= Will Hogue =

American World Long Drive competitor

Will Hogue (born March 27, 1986) is a World Long Drive competitor. Hogue competes in events that are sanctioned by the World Long Drive Association, which is owned by Golf Channel, part of the NBC Sports Group, and a division of Comcast. The season-long schedule features events airing live on Golf Channel, culminating in the Volvik World Long Drive Championship in September.

Hogue was raised and resides in Memphis, Tennessee, and in addition to being one of the top-competitors in the world, is a full-time paramedic/fire fighter. In an interview with Golf.com, Hogue said, “I’m not a bad golfer, but I’ll shoot 80. I’m your weekend warrior at golf; I play three or four times a year. I’ve got two of my own kids, I’ve got a full-time job [as a firefighter] and I do this. I don’t have time to play golf.”

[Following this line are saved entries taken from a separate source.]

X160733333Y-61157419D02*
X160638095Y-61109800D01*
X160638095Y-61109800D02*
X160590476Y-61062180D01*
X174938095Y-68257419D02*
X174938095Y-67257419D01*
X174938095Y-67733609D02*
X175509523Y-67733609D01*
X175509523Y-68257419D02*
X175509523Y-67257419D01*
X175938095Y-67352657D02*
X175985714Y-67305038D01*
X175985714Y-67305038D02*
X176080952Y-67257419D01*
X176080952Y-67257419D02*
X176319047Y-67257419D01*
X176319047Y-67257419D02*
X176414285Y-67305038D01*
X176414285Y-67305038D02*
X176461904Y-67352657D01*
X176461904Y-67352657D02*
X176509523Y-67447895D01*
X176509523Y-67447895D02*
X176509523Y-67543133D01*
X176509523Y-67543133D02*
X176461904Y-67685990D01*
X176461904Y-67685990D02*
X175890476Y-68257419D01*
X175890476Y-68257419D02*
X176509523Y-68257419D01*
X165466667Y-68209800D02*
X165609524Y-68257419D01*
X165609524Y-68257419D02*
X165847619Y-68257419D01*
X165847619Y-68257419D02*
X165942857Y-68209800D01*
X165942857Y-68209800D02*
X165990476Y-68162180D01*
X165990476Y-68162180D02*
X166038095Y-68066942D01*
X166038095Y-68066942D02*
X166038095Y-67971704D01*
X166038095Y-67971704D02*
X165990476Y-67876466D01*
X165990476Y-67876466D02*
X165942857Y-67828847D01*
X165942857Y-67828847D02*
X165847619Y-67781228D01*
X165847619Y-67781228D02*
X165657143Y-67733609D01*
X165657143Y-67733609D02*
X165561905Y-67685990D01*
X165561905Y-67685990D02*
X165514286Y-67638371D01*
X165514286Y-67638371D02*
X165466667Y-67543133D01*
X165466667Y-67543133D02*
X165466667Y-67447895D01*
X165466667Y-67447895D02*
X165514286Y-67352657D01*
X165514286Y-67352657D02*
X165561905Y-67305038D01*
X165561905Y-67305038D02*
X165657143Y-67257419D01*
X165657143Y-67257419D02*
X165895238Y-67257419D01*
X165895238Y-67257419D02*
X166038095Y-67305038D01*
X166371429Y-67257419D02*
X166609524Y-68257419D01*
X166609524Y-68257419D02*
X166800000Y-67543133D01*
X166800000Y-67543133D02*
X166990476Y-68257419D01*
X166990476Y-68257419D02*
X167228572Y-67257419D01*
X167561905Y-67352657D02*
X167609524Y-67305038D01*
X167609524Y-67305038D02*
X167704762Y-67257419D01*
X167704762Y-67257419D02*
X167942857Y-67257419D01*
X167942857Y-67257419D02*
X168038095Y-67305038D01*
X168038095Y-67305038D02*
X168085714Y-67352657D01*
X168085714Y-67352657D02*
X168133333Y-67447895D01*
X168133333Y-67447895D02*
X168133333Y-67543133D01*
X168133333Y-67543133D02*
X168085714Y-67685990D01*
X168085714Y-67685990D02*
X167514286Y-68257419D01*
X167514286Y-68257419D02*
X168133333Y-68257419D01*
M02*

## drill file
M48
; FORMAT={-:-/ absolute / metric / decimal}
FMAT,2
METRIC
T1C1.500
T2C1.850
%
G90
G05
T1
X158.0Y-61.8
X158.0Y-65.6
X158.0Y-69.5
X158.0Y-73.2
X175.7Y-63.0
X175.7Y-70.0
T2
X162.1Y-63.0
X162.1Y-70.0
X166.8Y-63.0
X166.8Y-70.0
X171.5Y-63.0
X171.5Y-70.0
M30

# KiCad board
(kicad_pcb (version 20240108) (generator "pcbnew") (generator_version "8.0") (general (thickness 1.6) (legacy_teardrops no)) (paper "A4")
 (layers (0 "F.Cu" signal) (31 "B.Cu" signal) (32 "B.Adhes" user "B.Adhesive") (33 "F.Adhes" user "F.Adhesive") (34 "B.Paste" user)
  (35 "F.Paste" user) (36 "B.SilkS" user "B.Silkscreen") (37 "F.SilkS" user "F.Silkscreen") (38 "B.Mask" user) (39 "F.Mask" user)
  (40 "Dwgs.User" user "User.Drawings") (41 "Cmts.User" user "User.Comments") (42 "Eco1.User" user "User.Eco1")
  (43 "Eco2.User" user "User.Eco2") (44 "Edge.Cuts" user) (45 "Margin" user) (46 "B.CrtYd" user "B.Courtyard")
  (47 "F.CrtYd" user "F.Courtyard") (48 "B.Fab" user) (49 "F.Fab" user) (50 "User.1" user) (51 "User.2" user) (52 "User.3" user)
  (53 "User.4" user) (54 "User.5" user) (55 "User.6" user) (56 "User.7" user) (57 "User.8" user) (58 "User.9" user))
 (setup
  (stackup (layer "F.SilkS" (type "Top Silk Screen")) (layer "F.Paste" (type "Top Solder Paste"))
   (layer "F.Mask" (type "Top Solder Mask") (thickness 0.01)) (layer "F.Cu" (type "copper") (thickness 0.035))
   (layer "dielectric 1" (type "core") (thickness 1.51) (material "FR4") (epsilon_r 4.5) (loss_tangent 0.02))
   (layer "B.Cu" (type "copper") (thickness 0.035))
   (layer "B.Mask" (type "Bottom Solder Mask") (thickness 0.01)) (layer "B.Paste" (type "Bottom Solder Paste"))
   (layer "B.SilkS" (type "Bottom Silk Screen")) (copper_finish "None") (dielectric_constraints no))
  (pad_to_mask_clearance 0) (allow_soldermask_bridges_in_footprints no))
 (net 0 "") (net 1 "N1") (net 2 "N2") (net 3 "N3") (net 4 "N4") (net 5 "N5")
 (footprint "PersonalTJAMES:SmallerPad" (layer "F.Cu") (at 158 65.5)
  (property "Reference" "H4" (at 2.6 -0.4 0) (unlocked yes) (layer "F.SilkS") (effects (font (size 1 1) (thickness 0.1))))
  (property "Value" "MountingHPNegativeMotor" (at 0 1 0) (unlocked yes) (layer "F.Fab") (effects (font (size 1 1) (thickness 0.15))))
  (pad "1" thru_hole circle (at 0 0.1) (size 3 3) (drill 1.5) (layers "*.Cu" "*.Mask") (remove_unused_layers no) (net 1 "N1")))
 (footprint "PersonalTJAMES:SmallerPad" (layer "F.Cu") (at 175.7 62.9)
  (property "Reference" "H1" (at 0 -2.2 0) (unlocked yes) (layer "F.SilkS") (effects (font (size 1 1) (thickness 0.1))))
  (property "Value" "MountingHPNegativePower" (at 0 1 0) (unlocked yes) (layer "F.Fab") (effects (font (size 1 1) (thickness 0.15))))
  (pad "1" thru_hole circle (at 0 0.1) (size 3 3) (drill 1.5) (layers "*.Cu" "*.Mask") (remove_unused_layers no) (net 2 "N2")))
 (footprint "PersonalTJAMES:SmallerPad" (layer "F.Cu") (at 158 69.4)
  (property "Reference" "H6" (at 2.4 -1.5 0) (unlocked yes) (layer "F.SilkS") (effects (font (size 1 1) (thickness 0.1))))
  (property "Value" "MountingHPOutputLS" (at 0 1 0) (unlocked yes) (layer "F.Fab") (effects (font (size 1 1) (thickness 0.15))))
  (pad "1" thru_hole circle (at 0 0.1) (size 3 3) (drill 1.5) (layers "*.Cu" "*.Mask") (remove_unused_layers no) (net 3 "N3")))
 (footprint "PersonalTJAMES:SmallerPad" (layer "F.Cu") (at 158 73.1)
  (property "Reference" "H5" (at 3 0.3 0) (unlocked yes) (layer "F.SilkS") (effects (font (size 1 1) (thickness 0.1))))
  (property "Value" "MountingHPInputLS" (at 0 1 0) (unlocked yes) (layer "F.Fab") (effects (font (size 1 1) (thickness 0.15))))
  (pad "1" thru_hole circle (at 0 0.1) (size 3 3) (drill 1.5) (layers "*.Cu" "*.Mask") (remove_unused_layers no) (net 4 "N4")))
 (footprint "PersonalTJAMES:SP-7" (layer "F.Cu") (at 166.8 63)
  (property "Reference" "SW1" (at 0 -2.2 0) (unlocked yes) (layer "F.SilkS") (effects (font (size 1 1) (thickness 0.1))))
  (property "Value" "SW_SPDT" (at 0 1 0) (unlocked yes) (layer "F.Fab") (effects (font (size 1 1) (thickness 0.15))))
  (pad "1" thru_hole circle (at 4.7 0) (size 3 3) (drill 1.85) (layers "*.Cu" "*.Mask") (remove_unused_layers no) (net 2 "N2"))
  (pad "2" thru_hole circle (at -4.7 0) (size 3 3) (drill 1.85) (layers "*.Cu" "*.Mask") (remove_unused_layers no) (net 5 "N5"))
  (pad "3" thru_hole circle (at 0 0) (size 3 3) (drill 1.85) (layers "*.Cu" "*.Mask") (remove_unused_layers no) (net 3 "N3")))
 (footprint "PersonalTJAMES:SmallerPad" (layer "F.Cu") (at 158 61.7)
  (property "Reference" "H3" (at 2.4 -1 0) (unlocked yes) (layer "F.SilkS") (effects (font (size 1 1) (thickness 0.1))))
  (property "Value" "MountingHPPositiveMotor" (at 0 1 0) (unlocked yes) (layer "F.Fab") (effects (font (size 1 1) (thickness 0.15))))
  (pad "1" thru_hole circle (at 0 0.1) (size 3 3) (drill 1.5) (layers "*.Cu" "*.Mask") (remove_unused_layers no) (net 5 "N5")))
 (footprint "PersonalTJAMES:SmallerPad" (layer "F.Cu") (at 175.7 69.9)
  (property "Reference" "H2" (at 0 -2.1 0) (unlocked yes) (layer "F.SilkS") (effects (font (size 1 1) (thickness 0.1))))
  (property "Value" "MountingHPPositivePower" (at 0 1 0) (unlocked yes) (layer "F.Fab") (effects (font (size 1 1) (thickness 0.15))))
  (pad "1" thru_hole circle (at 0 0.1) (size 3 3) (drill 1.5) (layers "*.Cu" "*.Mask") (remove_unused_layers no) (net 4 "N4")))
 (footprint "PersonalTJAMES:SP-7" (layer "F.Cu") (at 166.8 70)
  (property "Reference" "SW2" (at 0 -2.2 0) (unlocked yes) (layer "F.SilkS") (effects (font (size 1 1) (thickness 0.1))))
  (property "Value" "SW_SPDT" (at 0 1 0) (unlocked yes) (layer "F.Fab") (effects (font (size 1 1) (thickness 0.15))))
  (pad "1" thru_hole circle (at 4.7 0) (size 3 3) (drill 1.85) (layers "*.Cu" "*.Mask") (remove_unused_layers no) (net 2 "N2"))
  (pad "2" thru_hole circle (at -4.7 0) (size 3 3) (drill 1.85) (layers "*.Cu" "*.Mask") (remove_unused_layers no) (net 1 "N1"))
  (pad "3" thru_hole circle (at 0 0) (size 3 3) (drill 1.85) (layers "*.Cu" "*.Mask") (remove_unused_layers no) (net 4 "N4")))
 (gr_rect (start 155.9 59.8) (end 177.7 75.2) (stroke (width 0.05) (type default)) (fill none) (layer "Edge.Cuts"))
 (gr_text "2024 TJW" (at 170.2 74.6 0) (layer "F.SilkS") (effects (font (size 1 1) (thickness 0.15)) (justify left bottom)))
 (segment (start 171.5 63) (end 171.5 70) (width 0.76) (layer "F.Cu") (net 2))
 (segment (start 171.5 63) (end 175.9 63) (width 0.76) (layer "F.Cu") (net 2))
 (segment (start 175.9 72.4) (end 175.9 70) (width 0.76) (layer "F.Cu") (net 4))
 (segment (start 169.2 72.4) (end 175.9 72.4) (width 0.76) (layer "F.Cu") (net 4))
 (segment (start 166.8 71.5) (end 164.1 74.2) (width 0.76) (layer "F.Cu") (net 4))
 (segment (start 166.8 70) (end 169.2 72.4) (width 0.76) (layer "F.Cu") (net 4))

==World Long Drive career==

Hogue won three times during the 2018 World Long Drive Association season, including twice live on Golf Channel at the Clash in the Canyon (Nevada) and the Ak-Chin Smash in the Sun (Arizona). He also won his hometown event at the Bluff City Shootout (Memphis) in 2018.

Hogue won two additional World Long Drive events in 2016, which propelled him to the No. 1 ranking at the time.

He first competed in World Long Drive events in 2013.

==Before World Long Drive==

Prior to becoming a World Long Drive competitor, Hogue played baseball at Austin Peay State University (Tennessee). An outfielder, Hogue led the Governors in home runs as both a junior and senior.